Task item:
From the first line of the data below, copy each line up to the one containing "X61700000Y-87670000D02*", and include that line too.

Data supplied:
____
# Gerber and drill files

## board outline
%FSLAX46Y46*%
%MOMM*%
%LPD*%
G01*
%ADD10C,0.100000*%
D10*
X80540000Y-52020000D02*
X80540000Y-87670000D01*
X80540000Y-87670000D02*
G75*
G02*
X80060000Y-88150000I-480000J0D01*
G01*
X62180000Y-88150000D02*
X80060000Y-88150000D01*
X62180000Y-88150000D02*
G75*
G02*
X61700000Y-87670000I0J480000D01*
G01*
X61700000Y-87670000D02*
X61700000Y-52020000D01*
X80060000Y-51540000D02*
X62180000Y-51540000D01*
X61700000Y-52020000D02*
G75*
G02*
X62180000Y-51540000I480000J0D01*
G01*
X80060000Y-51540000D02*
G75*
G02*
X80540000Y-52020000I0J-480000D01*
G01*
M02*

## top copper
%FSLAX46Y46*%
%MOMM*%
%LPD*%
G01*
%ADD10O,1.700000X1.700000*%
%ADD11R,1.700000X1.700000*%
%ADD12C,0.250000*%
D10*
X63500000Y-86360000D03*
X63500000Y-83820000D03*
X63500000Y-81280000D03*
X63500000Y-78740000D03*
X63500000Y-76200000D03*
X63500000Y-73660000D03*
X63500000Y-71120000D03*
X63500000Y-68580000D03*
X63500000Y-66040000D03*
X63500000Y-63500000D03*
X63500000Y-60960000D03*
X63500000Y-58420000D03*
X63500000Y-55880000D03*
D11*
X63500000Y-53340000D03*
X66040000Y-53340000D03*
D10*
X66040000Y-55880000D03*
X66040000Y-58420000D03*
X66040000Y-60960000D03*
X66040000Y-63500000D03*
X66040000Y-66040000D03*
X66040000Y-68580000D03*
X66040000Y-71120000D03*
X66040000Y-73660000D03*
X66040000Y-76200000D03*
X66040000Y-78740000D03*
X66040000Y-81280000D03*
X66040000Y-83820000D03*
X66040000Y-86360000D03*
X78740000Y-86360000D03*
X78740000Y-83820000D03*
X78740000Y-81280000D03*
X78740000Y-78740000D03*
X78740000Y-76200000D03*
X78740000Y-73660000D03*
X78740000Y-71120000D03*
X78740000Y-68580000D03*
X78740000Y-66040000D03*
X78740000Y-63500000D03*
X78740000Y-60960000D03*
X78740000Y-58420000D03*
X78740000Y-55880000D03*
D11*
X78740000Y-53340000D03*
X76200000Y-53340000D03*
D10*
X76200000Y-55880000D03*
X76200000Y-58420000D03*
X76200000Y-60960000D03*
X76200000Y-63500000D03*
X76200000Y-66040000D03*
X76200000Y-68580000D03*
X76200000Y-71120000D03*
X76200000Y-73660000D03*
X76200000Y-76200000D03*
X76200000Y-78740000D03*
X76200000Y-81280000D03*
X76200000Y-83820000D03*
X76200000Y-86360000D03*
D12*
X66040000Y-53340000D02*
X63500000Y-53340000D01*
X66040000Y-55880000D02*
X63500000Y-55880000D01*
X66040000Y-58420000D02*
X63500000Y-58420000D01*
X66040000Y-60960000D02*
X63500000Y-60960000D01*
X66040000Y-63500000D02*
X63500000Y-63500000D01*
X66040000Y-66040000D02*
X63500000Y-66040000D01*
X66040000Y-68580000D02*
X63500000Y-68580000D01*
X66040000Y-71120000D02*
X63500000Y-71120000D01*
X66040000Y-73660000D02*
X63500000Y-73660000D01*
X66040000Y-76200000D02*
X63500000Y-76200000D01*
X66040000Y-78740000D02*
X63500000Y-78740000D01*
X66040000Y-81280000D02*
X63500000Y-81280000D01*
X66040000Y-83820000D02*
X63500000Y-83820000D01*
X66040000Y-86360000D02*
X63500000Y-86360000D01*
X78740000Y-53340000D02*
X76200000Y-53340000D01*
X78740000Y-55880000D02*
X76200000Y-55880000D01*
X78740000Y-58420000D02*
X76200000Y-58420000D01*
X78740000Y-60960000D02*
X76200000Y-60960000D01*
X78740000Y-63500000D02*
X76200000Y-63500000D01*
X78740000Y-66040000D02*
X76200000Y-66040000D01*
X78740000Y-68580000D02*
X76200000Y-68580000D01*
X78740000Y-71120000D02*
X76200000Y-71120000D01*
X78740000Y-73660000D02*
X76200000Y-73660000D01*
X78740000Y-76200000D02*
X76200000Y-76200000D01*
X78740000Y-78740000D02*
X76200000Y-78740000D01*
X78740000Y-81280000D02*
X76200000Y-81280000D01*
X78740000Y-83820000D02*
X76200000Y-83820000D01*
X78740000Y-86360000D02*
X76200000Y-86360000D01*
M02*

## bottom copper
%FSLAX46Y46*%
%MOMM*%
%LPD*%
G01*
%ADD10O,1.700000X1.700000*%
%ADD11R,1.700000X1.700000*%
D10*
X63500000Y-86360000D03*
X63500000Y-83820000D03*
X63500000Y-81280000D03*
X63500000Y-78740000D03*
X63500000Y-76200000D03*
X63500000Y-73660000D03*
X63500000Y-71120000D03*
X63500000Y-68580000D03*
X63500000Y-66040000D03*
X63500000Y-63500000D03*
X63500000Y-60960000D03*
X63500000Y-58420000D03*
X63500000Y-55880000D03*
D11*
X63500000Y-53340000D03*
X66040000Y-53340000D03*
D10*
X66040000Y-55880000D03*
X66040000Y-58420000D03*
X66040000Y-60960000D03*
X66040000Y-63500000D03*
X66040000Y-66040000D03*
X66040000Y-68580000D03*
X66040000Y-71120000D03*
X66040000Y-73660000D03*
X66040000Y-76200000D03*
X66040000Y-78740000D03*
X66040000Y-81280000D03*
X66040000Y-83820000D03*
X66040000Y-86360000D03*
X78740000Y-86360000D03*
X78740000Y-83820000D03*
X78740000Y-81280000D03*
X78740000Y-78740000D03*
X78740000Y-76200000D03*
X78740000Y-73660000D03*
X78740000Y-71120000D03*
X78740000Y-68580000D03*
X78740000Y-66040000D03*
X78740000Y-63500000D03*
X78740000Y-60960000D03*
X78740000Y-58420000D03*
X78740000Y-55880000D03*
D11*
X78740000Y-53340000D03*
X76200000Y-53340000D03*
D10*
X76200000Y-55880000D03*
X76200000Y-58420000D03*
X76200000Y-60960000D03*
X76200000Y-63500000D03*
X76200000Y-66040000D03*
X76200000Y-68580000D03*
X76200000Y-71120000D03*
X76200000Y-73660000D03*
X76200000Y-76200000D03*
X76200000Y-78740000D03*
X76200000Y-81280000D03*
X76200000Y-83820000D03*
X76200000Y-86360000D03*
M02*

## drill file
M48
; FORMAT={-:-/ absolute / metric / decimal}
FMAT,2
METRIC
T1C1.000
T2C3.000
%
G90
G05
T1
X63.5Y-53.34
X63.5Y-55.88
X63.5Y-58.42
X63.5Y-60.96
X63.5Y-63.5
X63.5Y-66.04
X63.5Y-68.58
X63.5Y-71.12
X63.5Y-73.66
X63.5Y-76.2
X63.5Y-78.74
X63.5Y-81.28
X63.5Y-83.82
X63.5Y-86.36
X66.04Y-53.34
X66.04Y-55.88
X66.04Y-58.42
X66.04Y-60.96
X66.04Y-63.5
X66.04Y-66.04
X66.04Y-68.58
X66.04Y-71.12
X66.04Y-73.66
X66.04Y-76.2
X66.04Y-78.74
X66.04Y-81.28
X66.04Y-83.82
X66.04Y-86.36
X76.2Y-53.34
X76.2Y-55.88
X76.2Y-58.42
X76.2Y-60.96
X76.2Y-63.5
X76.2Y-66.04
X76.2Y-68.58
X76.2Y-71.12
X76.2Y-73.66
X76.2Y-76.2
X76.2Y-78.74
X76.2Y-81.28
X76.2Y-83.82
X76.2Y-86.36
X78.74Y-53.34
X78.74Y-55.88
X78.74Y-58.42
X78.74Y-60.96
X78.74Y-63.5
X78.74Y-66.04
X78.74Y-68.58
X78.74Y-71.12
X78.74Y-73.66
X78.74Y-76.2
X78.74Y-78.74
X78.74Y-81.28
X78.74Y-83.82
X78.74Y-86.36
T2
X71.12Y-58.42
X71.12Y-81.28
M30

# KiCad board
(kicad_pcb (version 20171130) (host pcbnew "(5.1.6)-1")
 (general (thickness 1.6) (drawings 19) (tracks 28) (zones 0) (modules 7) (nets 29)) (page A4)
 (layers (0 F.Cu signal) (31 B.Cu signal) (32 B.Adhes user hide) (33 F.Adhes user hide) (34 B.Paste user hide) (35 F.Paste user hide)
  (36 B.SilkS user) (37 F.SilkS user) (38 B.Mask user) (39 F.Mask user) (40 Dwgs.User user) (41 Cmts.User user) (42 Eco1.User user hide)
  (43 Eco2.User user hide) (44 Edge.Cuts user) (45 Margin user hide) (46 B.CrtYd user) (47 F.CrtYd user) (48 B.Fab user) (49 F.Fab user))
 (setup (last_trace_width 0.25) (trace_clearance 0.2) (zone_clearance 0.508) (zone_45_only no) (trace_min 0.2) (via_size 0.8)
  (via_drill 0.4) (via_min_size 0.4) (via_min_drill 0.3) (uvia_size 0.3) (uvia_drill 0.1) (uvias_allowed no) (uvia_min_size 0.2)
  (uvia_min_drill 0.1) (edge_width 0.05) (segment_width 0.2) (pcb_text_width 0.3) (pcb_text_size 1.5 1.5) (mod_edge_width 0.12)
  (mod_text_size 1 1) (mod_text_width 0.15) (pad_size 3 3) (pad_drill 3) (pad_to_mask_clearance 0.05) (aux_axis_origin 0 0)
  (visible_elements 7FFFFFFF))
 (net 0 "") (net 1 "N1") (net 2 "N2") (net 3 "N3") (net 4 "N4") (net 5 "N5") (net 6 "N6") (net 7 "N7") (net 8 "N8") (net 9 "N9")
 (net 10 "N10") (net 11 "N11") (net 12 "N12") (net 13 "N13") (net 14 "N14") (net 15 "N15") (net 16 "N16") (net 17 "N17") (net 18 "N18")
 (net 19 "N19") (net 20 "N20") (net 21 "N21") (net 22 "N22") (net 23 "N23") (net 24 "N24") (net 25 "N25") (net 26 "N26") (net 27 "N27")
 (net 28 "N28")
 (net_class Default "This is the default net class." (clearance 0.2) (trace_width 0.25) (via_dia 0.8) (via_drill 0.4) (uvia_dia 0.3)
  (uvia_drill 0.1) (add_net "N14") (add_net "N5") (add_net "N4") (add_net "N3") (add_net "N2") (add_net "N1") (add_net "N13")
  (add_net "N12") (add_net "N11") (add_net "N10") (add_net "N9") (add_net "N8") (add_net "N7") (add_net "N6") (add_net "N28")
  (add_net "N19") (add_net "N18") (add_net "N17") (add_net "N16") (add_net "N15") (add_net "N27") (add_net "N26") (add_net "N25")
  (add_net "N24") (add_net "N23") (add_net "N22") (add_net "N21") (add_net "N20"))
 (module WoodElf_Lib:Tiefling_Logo (layer F.Cu) (at 71.12 66.04 270)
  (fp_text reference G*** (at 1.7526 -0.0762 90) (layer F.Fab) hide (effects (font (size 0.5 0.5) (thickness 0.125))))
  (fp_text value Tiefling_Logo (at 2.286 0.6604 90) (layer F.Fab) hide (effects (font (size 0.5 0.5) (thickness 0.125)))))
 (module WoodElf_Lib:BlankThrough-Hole (layer F.Cu) (at 71.12 81.28)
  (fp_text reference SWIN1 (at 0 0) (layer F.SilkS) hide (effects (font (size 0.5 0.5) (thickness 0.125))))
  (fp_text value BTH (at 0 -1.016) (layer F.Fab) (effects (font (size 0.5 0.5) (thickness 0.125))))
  (pad "" np_thru_hole circle (at 0 0) (size 3 3) (drill 3) (layers *.Cu *.Mask) (solder_mask_margin 0.1) (clearance 0.1)))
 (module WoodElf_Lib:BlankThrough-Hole (layer F.Cu) (at 71.12 58.42)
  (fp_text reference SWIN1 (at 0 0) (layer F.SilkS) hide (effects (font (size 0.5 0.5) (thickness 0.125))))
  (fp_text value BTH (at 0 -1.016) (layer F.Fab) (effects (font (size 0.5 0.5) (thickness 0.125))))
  (pad "" np_thru_hole circle (at 0 0) (size 3 3) (drill 3) (layers *.Cu *.Mask) (solder_mask_margin 0.1) (clearance 0.1)))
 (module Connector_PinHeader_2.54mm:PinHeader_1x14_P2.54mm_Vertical (layer B.Cu) (at 63.5 53.34 180)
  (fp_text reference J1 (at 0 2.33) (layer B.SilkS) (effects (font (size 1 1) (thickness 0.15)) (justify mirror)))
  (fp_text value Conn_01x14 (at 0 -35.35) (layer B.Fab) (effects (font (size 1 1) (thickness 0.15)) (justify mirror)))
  (pad 14 thru_hole oval (at 0 -33.02 180) (size 1.7 1.7) (drill 1) (layers *.Cu *.Mask) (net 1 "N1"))
  (pad 13 thru_hole oval (at 0 -30.48 180) (size 1.7 1.7) (drill 1) (layers *.Cu *.Mask) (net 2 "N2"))
  (pad 12 thru_hole oval (at 0 -27.94 180) (size 1.7 1.7) (drill 1) (layers *.Cu *.Mask) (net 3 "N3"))
  (pad 11 thru_hole oval (at 0 -25.4 180) (size 1.7 1.7) (drill 1) (layers *.Cu *.Mask) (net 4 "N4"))
  (pad 10 thru_hole oval (at 0 -22.86 180) (size 1.7 1.7) (drill 1) (layers *.Cu *.Mask) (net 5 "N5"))
  (pad 9 thru_hole oval (at 0 -20.32 180) (size 1.7 1.7) (drill 1) (layers *.Cu *.Mask) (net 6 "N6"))
  (pad 8 thru_hole oval (at 0 -17.78 180) (size 1.7 1.7) (drill 1) (layers *.Cu *.Mask) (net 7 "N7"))
  (pad 7 thru_hole oval (at 0 -15.24 180) (size 1.7 1.7) (drill 1) (layers *.Cu *.Mask) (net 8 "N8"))
  (pad 6 thru_hole oval (at 0 -12.7 180) (size 1.7 1.7) (drill 1) (layers *.Cu *.Mask) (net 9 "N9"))
  (pad 5 thru_hole oval (at 0 -10.16 180) (size 1.7 1.7) (drill 1) (layers *.Cu *.Mask) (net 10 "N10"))
  (pad 4 thru_hole oval (at 0 -7.62 180) (size 1.7 1.7) (drill 1) (layers *.Cu *.Mask) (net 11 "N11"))
  (pad 3 thru_hole oval (at 0 -5.08 180) (size 1.7 1.7) (drill 1) (layers *.Cu *.Mask) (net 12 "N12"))
  (pad 2 thru_hole oval (at 0 -2.54 180) (size 1.7 1.7) (drill 1) (layers *.Cu *.Mask) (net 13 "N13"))
  (pad 1 thru_hole rect (at 0 0 180) (size 1.7 1.7) (drill 1) (layers *.Cu *.Mask) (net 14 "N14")))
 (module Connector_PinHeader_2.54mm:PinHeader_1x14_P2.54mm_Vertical (layer F.Cu) (at 66.04 53.34)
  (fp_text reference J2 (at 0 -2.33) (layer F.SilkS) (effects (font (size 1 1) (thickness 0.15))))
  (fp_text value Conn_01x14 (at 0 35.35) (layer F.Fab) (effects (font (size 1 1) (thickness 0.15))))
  (pad 1 thru_hole rect (at 0 0) (size 1.7 1.7) (drill 1) (layers *.Cu *.Mask) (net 14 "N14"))
  (pad 2 thru_hole oval (at 0 2.54) (size 1.7 1.7) (drill 1) (layers *.Cu *.Mask) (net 13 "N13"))
  (pad 3 thru_hole oval (at 0 5.08) (size 1.7 1.7) (drill 1) (layers *.Cu *.Mask) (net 12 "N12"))
  (pad 4 thru_hole oval (at 0 7.62) (size 1.7 1.7) (drill 1) (layers *.Cu *.Mask) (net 11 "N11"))
  (pad 5 thru_hole oval (at 0 10.16) (size 1.7 1.7) (drill 1) (layers *.Cu *.Mask) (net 10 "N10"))
  (pad 6 thru_hole oval (at 0 12.7) (size 1.7 1.7) (drill 1) (layers *.Cu *.Mask) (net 9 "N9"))
  (pad 7 thru_hole oval (at 0 15.24) (size 1.7 1.7) (drill 1) (layers *.Cu *.Mask) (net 8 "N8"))
  (pad 8 thru_hole oval (at 0 17.78) (size 1.7 1.7) (drill 1) (layers *.Cu *.Mask) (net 7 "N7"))
  (pad 9 thru_hole oval (at 0 20.32) (size 1.7 1.7) (drill 1) (layers *.Cu *.Mask) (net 6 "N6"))
  (pad 10 thru_hole oval (at 0 22.86) (size 1.7 1.7) (drill 1) (layers *.Cu *.Mask) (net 5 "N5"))
  (pad 11 thru_hole oval (at 0 25.4) (size 1.7 1.7) (drill 1) (layers *.Cu *.Mask) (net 4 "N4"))
  (pad 12 thru_hole oval (at 0 27.94) (size 1.7 1.7) (drill 1) (layers *.Cu *.Mask) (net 3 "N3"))
  (pad 13 thru_hole oval (at 0 30.48) (size 1.7 1.7) (drill 1) (layers *.Cu *.Mask) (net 2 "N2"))
  (pad 14 thru_hole oval (at 0 33.02) (size 1.7 1.7) (drill 1) (layers *.Cu *.Mask) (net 1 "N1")))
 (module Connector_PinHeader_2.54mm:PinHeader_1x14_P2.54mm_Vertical (layer B.Cu) (at 78.74 53.34 180)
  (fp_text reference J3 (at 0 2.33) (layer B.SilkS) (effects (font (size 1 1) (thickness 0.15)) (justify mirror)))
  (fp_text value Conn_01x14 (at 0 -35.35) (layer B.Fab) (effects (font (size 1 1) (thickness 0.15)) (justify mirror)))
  (pad 14 thru_hole oval (at 0 -33.02 180) (size 1.7 1.7) (drill 1) (layers *.Cu *.Mask) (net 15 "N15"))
____
Expected output:
# Gerber and drill files

## board outline
%FSLAX46Y46*%
%MOMM*%
%LPD*%
G01*
%ADD10C,0.100000*%
D10*
X80540000Y-52020000D02*
X80540000Y-87670000D01*
X80540000Y-87670000D02*
G75*
G02*
X80060000Y-88150000I-480000J0D01*
G01*
X62180000Y-88150000D02*
X80060000Y-88150000D01*
X62180000Y-88150000D02*
G75*
G02*
X61700000Y-87670000I0J480000D01*
G01*
X61700000Y-87670000D02*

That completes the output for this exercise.